The inverse is also true. Using the bed for work, scrolling, watching, or worrying gradually trains the brain to associate the bedroom with wakefulness and stimulation rather than sleep. The bed loses its signal value. This is a major driver of feeling alert the moment your head hits the pillow.

Sleep specialists refer to this principle as stimulus control. The core idea is simple: protect the association between the bed and sleep by limiting what you do there. Reserve the bed for sleep.

A routine does not need to be elaborate to be effective. What matters most is that it is consistent: the same sequence, at roughly the same time, every evening.

Even 20–30 minutes of predictable, low-stimulation activity — reading, light stretching, slow breathing, a warm drink — repeated reliably over several weeks, is enough to begin building the association. The routine becomes the cue. And the cue, over time, becomes genuinely sleep-inducing.

Supporting the Biology Directly

Once the foundations are in place, certain natural compounds can help.

Magnesium (glycinate or threonate) plays a direct role in GABA activity (the brain's primary inhibitory neurotransmitter), muscle relaxation, and cortisol regulation.

Ashwagandha helps regulate the stress response and lower evening cortisol in a way that allows the cortisol-melatonin rhythm to restore more naturally. It is one of the more appropriate compounds for people whose sleep struggles are rooted in chronic stress rather than difficulty with wind-down behaviours alone.

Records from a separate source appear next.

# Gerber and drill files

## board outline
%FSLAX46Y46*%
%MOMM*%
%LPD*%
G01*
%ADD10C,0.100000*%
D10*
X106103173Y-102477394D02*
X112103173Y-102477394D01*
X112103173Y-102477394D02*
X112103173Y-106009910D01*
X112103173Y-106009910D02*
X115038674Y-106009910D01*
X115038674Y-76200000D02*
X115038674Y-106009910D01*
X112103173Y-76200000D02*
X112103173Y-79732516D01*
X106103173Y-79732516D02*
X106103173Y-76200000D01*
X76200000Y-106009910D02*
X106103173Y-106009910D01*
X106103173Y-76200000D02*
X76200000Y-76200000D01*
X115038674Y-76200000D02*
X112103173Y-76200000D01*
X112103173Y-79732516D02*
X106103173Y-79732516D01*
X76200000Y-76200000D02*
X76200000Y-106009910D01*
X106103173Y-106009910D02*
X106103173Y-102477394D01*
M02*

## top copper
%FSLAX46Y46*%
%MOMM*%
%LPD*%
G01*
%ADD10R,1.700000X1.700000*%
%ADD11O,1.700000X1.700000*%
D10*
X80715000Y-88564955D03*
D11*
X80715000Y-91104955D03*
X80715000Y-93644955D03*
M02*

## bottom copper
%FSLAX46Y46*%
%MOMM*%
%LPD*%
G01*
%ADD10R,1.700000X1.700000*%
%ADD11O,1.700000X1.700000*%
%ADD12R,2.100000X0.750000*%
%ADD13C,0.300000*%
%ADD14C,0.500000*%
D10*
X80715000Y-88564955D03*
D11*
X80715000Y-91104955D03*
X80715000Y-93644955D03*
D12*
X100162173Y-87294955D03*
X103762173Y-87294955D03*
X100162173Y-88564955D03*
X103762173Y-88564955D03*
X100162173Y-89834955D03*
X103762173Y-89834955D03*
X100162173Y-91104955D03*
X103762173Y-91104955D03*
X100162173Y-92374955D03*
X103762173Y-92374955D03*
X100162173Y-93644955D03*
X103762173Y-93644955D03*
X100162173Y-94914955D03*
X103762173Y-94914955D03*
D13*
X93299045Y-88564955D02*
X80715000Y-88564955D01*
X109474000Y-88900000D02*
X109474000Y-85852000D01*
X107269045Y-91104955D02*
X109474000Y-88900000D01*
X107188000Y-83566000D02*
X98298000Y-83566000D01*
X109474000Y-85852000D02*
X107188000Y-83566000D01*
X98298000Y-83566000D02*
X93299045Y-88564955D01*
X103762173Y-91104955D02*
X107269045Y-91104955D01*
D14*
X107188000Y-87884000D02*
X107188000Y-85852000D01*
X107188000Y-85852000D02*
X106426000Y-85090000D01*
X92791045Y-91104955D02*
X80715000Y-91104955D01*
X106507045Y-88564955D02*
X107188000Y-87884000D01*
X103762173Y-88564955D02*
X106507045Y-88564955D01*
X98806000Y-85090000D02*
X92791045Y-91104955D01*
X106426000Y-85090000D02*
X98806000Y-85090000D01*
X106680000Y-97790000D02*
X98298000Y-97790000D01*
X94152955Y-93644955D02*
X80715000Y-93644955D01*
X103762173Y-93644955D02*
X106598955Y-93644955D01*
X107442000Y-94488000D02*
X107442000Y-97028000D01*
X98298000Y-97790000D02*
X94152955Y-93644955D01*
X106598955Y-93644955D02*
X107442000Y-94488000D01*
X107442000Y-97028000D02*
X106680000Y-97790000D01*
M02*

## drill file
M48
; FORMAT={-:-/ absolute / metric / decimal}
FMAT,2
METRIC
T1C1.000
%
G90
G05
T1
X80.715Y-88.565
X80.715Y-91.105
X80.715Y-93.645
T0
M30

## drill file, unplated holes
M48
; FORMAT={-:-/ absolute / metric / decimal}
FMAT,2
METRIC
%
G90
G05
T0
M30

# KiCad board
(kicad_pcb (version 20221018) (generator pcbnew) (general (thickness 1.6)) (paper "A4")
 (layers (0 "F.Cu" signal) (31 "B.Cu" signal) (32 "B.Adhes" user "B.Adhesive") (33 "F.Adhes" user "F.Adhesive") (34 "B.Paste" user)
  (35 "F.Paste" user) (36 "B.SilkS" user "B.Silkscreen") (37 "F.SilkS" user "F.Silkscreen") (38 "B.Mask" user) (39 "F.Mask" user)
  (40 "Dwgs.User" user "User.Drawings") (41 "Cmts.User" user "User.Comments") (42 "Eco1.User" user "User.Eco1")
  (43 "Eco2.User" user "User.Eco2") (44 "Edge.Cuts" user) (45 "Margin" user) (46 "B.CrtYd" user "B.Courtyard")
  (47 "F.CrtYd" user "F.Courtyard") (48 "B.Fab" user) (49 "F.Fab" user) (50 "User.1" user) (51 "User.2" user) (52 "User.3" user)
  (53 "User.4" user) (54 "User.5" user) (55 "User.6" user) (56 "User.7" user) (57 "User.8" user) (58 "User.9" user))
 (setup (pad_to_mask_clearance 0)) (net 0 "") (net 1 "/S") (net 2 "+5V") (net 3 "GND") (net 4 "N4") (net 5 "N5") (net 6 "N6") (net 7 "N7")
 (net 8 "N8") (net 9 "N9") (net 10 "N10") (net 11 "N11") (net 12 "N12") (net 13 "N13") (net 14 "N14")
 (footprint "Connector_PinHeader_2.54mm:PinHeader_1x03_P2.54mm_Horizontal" (layer "F.Cu") (at 80.715 88.564955)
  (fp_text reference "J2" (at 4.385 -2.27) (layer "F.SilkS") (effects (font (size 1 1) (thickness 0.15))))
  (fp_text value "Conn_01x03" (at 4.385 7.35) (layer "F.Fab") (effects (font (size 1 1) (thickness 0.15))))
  (pad "1" thru_hole rect (at 0 0) (size 1.7 1.7) (drill 1) (layers "*.Cu" "*.Mask") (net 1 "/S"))
  (pad "2" thru_hole oval (at 0 2.54) (size 1.7 1.7) (drill 1) (layers "*.Cu" "*.Mask") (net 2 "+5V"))
  (pad "3" thru_hole oval (at 0 5.08) (size 1.7 1.7) (drill 1) (layers "*.Cu" "*.Mask") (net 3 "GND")))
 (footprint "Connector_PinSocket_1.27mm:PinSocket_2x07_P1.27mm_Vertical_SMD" (layer "B.Cu") (at 101.962173 91.104955 180)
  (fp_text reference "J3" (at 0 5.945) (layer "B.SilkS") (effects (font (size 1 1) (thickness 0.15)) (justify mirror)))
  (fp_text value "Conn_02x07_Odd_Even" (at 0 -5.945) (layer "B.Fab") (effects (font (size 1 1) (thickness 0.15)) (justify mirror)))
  (pad "1" smd rect (at 1.8 3.81 180) (size 2.1 0.75) (layers "B.Cu" "B.Paste" "B.Mask") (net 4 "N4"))
  (pad "2" smd rect (at -1.8 3.81 180) (size 2.1 0.75) (layers "B.Cu" "B.Paste" "B.Mask") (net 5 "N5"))
  (pad "3" smd rect (at 1.8 2.54 180) (size 2.1 0.75) (layers "B.Cu" "B.Paste" "B.Mask") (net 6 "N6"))
  (pad "4" smd rect (at -1.8 2.54 180) (size 2.1 0.75) (layers "B.Cu" "B.Paste" "B.Mask") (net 2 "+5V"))
  (pad "5" smd rect (at 1.8 1.27 180) (size 2.1 0.75) (layers "B.Cu" "B.Paste" "B.Mask") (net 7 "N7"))
  (pad "6" smd rect (at -1.8 1.27 180) (size 2.1 0.75) (layers "B.Cu" "B.Paste" "B.Mask") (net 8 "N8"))
  (pad "7" smd rect (at 1.8 0 180) (size 2.1 0.75) (layers "B.Cu" "B.Paste" "B.Mask") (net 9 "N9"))
  (pad "8" smd rect (at -1.8 0 180) (size 2.1 0.75) (layers "B.Cu" "B.Paste" "B.Mask") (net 1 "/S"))
  (pad "9" smd rect (at 1.8 -1.27 180) (size 2.1 0.75) (layers "B.Cu" "B.Paste" "B.Mask") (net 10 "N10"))
  (pad "10" smd rect (at -1.8 -1.27 180) (size 2.1 0.75) (layers "B.Cu" "B.Paste" "B.Mask") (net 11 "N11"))
  (pad "11" smd rect (at 1.8 -2.54 180) (size 2.1 0.75) (layers "B.Cu" "B.Paste" "B.Mask") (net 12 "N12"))
  (pad "12" smd rect (at -1.8 -2.54 180) (size 2.1 0.75) (layers "B.Cu" "B.Paste" "B.Mask") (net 3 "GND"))
  (pad "13" smd rect (at 1.8 -3.81 180) (size 2.1 0.75) (layers "B.Cu" "B.Paste" "B.Mask") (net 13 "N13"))
  (pad "14" smd rect (at -1.8 -3.81 180) (size 2.1 0.75) (layers "B.Cu" "B.Paste" "B.Mask") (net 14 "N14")))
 (gr_line (start 106.103173 102.477394) (end 112.103173 102.477394) (stroke (width 0.1) (type solid)) (layer "Edge.Cuts"))
 (gr_line (start 112.103173 102.477394) (end 112.103173 106.00991) (stroke (width 0.1) (type solid)) (layer "Edge.Cuts"))
 (gr_line (start 112.103173 106.00991) (end 115.038674 106.00991) (stroke (width 0.1) (type solid)) (layer "Edge.Cuts"))
 (gr_line (start 115.038674 76.2) (end 115.038674 106.00991) (stroke (width 0.1) (type solid)) (layer "Edge.Cuts"))
 (gr_line (start 112.103173 76.2) (end 112.103173 79.732516) (stroke (width 0.1) (type solid)) (layer "Edge.Cuts"))
 (gr_line (start 106.103173 79.732516) (end 106.103173 76.2) (stroke (width 0.1) (type solid)) (layer "Edge.Cuts"))
 (gr_line (start 76.2 106.00991) (end 106.103173 106.00991) (stroke (width 0.1) (type solid)) (layer "Edge.Cuts"))
 (gr_line (start 106.103173 76.2) (end 76.2 76.2) (stroke (width 0.1) (type solid)) (layer "Edge.Cuts"))
 (gr_line (start 115.038674 76.2) (end 112.103173 76.2) (stroke (width 0.1) (type solid)) (layer "Edge.Cuts"))
 (gr_line (start 112.103173 79.732516) (end 106.103173 79.732516) (stroke (width 0.1) (type solid)) (layer "Edge.Cuts"))
 (gr_line (start 76.2 76.2) (end 76.2 106.00991) (stroke (width 0.1) (type solid)) (layer "Edge.Cuts"))
 (gr_line (start 106.103173 106.00991) (end 106.103173 102.477394) (stroke (width 0.1) (type solid)) (layer "Edge.Cuts"))
 (segment (start 93.299045 88.564955) (end 80.715 88.564955) (width 0.3) (layer "B.Cu") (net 1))
 (segment (start 109.474 88.9) (end 109.474 85.852) (width 0.3) (layer "B.Cu") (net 1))
 (segment (start 107.269045 91.104955) (end 109.474 88.9) (width 0.3) (layer "B.Cu") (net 1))
 (segment (start 107.188 83.566) (end 98.298 83.566) (width 0.3) (layer "B.Cu") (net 1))
 (segment (start 109.474 85.852) (end 107.188 83.566) (width 0.3) (layer "B.Cu") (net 1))
 (segment (start 98.298 83.566) (end 93.299045 88.564955) (width 0.3) (layer "B.Cu") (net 1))
 (segment (start 103.762173 91.104955) (end 107.269045 91.104955) (width 0.3) (layer "B.Cu") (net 1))
 (segment (start 107.188 87.884) (end 107.188 85.852) (width 0.5) (layer "B.Cu") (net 2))
 (segment (start 107.188 85.852) (end 106.426 85.09) (width 0.5) (layer "B.Cu") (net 2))
 (segment (start 92.791045 91.104955) (end 80.715 91.104955) (width 0.5) (layer "B.Cu") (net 2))
 (segment (start 106.507045 88.564955) (end 107.188 87.884) (width 0.5) (layer "B.Cu") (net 2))
 (segment (start 103.762173 88.564955) (end 106.507045 88.564955) (width 0.5) (layer "B.Cu") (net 2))
 (segment (start 98.806 85.09) (end 92.791045 91.104955) (width 0.5) (layer "B.Cu") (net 2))
 (segment (start 106.426 85.09) (end 98.806 85.09) (width 0.5) (layer "B.Cu") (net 2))
 (segment (start 106.68 97.79) (end 98.298 97.79) (width 0.5) (layer "B.Cu") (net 3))
 (segment (start 94.152955 93.644955) (end 80.715 93.644955) (width 0.5) (layer "B.Cu") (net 3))
 (segment (start 103.762173 93.644955) (end 106.598955 93.644955) (width 0.5) (layer "B.Cu") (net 3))
 (segment (start 107.442 94.488) (end 107.442 97.028) (width 0.5) (layer "B.Cu") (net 3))
 (segment (start 98.298 97.79) (end 94.152955 93.644955) (width 0.5) (layer "B.Cu") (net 3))
 (segment (start 106.598955 93.644955) (end 107.442 94.488) (width 0.5) (layer "B.Cu") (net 3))
 (segment (start 107.442 97.028) (end 106.68 97.79) (width 0.5) (layer "B.Cu") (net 3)))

L-theanine, found naturally in green tea, reduces mental overactivity without causing sedation by inducing alpha brainwaves. It is particularly useful for people who describe lying awake with a racing mind – which is often the hallmark of elevated sympathetic arousal rather than insufficient sleep drive.

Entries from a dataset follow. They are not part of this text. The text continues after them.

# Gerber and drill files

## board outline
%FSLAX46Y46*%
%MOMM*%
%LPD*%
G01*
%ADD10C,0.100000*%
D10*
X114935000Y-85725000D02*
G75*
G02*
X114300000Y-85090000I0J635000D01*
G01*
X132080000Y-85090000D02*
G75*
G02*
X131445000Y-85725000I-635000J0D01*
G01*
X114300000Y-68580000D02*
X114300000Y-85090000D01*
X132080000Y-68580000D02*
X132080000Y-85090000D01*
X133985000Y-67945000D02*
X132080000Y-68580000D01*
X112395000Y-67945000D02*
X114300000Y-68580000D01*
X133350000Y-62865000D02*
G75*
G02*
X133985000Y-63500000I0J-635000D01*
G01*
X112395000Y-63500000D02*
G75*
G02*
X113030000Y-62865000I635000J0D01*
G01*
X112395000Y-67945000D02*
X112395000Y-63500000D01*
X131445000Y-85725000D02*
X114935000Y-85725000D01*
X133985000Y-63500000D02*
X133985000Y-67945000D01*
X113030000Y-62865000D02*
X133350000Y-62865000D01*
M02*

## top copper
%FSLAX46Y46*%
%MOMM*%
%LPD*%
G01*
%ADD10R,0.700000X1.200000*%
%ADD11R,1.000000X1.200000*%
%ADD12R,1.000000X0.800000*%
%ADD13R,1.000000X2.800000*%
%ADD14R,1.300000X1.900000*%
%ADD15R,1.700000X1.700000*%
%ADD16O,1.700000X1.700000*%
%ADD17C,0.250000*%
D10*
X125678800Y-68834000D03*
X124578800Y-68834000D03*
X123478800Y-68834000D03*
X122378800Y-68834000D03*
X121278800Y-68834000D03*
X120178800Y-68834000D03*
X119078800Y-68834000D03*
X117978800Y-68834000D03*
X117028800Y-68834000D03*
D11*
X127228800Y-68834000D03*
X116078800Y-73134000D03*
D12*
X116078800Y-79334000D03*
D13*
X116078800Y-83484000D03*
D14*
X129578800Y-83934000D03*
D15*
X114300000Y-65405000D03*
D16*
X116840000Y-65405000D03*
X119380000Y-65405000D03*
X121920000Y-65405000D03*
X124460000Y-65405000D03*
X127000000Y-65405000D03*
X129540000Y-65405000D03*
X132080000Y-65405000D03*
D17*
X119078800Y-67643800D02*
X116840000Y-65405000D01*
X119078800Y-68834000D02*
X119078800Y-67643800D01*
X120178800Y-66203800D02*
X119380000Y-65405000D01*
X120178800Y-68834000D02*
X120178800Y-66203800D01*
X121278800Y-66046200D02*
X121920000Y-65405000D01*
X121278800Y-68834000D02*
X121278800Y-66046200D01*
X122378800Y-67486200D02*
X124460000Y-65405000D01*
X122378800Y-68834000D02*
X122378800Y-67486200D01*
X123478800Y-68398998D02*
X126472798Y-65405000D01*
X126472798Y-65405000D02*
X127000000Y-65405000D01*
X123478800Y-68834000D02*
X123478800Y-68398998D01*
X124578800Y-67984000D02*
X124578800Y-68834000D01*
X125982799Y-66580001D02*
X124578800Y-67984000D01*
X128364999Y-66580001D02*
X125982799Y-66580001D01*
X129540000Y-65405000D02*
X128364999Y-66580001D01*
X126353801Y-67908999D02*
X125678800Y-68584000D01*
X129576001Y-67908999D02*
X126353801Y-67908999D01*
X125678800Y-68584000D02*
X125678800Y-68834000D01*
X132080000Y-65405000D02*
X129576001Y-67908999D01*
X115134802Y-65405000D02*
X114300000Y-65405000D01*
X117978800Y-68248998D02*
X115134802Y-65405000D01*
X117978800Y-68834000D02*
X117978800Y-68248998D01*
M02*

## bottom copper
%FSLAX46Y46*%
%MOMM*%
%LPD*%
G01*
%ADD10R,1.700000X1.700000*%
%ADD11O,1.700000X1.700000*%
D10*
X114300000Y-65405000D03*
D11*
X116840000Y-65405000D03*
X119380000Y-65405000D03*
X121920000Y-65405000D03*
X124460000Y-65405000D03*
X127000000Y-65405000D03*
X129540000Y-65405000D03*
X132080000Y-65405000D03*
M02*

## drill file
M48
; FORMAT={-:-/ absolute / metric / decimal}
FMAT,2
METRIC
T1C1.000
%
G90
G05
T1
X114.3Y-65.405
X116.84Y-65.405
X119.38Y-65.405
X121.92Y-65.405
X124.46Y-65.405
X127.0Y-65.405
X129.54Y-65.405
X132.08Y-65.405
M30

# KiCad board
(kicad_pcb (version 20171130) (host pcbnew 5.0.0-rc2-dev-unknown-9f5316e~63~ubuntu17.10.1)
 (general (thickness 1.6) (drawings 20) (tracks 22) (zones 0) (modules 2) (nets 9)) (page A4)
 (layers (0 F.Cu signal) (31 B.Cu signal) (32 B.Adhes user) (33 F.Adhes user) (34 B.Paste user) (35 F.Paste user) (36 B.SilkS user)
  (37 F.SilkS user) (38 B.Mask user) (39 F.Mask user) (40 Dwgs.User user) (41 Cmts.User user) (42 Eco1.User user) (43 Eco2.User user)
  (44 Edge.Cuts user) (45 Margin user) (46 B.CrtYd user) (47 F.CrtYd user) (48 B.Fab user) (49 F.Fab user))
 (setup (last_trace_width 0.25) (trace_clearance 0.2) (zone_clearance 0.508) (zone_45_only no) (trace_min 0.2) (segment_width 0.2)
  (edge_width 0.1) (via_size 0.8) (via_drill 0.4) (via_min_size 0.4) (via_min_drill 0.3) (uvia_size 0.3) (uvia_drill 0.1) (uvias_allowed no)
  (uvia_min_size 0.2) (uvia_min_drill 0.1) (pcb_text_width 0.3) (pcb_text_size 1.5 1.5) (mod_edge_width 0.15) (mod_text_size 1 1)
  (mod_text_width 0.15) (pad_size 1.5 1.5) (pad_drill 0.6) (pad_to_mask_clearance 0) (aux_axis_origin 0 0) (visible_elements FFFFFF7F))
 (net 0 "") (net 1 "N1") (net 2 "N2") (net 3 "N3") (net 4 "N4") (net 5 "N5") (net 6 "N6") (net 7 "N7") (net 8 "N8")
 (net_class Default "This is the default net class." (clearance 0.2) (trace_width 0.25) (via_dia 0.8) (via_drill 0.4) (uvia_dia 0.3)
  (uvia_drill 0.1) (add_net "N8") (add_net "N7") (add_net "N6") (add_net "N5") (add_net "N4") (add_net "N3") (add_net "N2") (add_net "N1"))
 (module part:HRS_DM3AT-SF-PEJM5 (layer F.Cu) (at 122.4788 68.834)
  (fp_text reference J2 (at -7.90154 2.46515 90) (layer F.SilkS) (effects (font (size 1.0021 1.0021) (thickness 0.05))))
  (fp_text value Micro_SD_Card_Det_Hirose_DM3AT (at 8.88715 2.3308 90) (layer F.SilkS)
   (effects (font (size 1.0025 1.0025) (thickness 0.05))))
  (pad 1 smd rect (at 3.2 0) (size 0.7 1.2) (layers F.Cu F.Paste F.Mask) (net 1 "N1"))
  (pad 2 smd rect (at 2.1 0) (size 0.7 1.2) (layers F.Cu F.Paste F.Mask) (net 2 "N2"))
  (pad 3 smd rect (at 1 0) (size 0.7 1.2) (layers F.Cu F.Paste F.Mask) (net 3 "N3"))
  (pad 4 smd rect (at -0.1 0) (size 0.7 1.2) (layers F.Cu F.Paste F.Mask) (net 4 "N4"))
  (pad 5 smd rect (at -1.2 0) (size 0.7 1.2) (layers F.Cu F.Paste F.Mask) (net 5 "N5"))
  (pad 6 smd rect (at -2.3 0) (size 0.7 1.2) (layers F.Cu F.Paste F.Mask) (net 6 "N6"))
  (pad 7 smd rect (at -3.4 0) (size 0.7 1.2) (layers F.Cu F.Paste F.Mask) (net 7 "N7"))
  (pad 8 smd rect (at -4.5 0) (size 0.7 1.2) (layers F.Cu F.Paste F.Mask) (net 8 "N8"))
  (pad SWB smd rect (at -5.45 0) (size 0.7 1.2) (layers F.Cu F.Paste F.Mask))
  (pad P4 smd rect (at 4.75 0) (size 1 1.2) (layers F.Cu F.Paste F.Mask))
  (pad P1 smd rect (at -6.4 4.3) (size 1 1.2) (layers F.Cu F.Paste F.Mask))
  (pad SWA smd rect (at -6.4 10.5) (size 1 0.8) (layers F.Cu F.Paste F.Mask))
  (pad P2 smd rect (at -6.4 14.65) (size 1 2.8) (layers F.Cu F.Paste F.Mask))
  (pad P3 smd rect (at 7.1 15.1) (size 1.3 1.9) (layers F.Cu F.Paste F.Mask)))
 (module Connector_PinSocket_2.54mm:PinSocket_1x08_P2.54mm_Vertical (layer F.Cu) (at 114.3 65.405 90)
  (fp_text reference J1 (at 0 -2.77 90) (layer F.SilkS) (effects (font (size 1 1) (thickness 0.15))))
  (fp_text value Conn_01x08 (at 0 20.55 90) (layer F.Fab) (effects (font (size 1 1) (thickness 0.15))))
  (pad 1 thru_hole rect (at 0 0 90) (size 1.7 1.7) (drill 1) (layers *.Cu *.Mask) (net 8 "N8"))
  (pad 2 thru_hole oval (at 0 2.54 90) (size 1.7 1.7) (drill 1) (layers *.Cu *.Mask) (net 7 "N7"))
  (pad 3 thru_hole oval (at 0 5.08 90) (size 1.7 1.7) (drill 1) (layers *.Cu *.Mask) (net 6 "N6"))
  (pad 4 thru_hole oval (at 0 7.62 90) (size 1.7 1.7) (drill 1) (layers *.Cu *.Mask) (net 5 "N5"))
  (pad 5 thru_hole oval (at 0 10.16 90) (size 1.7 1.7) (drill 1) (layers *.Cu *.Mask) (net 4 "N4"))
  (pad 6 thru_hole oval (at 0 12.7 90) (size 1.7 1.7) (drill 1) (layers *.Cu *.Mask) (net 3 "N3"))
  (pad 7 thru_hole oval (at 0 15.24 90) (size 1.7 1.7) (drill 1) (layers *.Cu *.Mask) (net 2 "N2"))
  (pad 8 thru_hole oval (at 0 17.78 90) (size 1.7 1.7) (drill 1) (layers *.Cu *.Mask) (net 1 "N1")))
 (gr_arc (start 114.935 85.09) (end 114.3 85.09) (angle -90) (layer Edge.Cuts) (width 0.1))
 (gr_arc (start 131.445 85.09) (end 131.445 85.725) (angle -90) (layer Edge.Cuts) (width 0.1))
 (gr_line (start 114.3 68.58) (end 114.3 85.09) (layer Edge.Cuts) (width 0.1))
 (gr_line (start 132.08 68.58) (end 132.08 85.09) (layer Edge.Cuts) (width 0.1))
 (gr_line (start 133.985 67.945) (end 132.08 68.58) (layer Edge.Cuts) (width 0.1))
 (gr_line (start 112.395 67.945) (end 114.3 68.58) (layer Edge.Cuts) (width 0.1))
 (gr_arc (start 133.35 63.5) (end 133.985 63.5) (angle -90) (layer Edge.Cuts) (width 0.1))
 (gr_arc (start 113.03 63.5) (end 113.03 62.865) (angle -90) (layer Edge.Cuts) (width 0.1))
 (gr_line (start 112.395 67.945) (end 112.395 63.5) (layer Edge.Cuts) (width 0.1))
 (gr_line (start 131.445 85.725) (end 114.935 85.725) (layer Edge.Cuts) (width 0.1))
 (gr_line (start 133.985 63.5) (end 133.985 67.945) (layer Edge.Cuts) (width 0.1))
 (gr_line (start 113.03 62.865) (end 133.35 62.865) (layer Edge.Cuts) (width 0.1))
 (segment (start 119.0788 67.6438) (end 116.84 65.405) (width 0.25) (layer F.Cu) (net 7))
 (segment (start 119.0788 68.834) (end 119.0788 67.6438) (width 0.25) (layer F.Cu) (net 7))
 (segment (start 120.1788 66.2038) (end 119.38 65.405) (width 0.25) (layer F.Cu) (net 6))
 (segment (start 120.1788 68.834) (end 120.1788 66.2038) (width 0.25) (layer F.Cu) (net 6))
 (segment (start 121.2788 66.0462) (end 121.92 65.405) (width 0.25) (layer F.Cu) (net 5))
 (segment (start 121.2788 68.834) (end 121.2788 66.0462) (width 0.25) (layer F.Cu) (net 5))
 (segment (start 122.3788 67.4862) (end 124.46 65.405) (width 0.25) (layer F.Cu) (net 4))
 (segment (start 122.3788 68.834) (end 122.3788 67.4862) (width 0.25) (layer F.Cu) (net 4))
 (segment (start 123.4788 68.398998) (end 126.472798 65.405) (width 0.25) (layer F.Cu) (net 3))
 (segment (start 126.472798 65.405) (end 127 65.405) (width 0.25) (layer F.Cu) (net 3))
 (segment (start 123.4788 68.834) (end 123.4788 68.398998) (width 0.25) (layer F.Cu) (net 3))
 (segment (start 124.5788 67.984) (end 124.5788 68.834) (width 0.25) (layer F.Cu) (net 2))
 (segment (start 125.982799 66.580001) (end 124.5788 67.984) (width 0.25) (layer F.Cu) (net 2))
 (segment (start 128.364999 66.580001) (end 125.982799 66.580001) (width 0.25) (layer F.Cu) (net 2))
 (segment (start 129.54 65.405) (end 128.364999 66.580001) (width 0.25) (layer F.Cu) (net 2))
 (segment (start 126.353801 67.908999) (end 125.6788 68.584) (width 0.25) (layer F.Cu) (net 1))
 (segment (start 129.576001 67.908999) (end 126.353801 67.908999) (width 0.25) (layer F.Cu) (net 1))
 (segment (start 125.6788 68.584) (end 125.6788 68.834) (width 0.25) (layer F.Cu) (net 1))
 (segment (start 132.08 65.405) (end 129.576001 67.908999) (width 0.25) (layer F.Cu) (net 1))
 (segment (start 115.134802 65.405) (end 114.3 65.405) (width 0.25) (layer F.Cu) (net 8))
 (segment (start 117.9788 68.248998) (end 115.134802 65.405) (width 0.25) (layer F.Cu) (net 8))
 (segment (start 117.9788 68.834) (end 117.9788 68.248998) (width 0.25) (layer F.Cu) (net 8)))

Thinking About This Differently

Most people approach poor sleep as a problem to manage — something to mask with medication, push through with caffeine, or fix with a single behavioural change.

But what the biology makes clear is that disturbed sleep is almost always a downstream signal. It is the body indicating that something upstream — stress load, light environment, blood sugar stability, inflammatory burden, nervous system tone — is out of order.

This is actually good news. Because it means sleep is responsive. The body is not randomly malfunctioning. It is responding, predictably, to the inputs it's receiving.

When the inputs change, the sleep changes.

Build the conditions that support it – consistently – and the body's own sleep machinery will do the rest.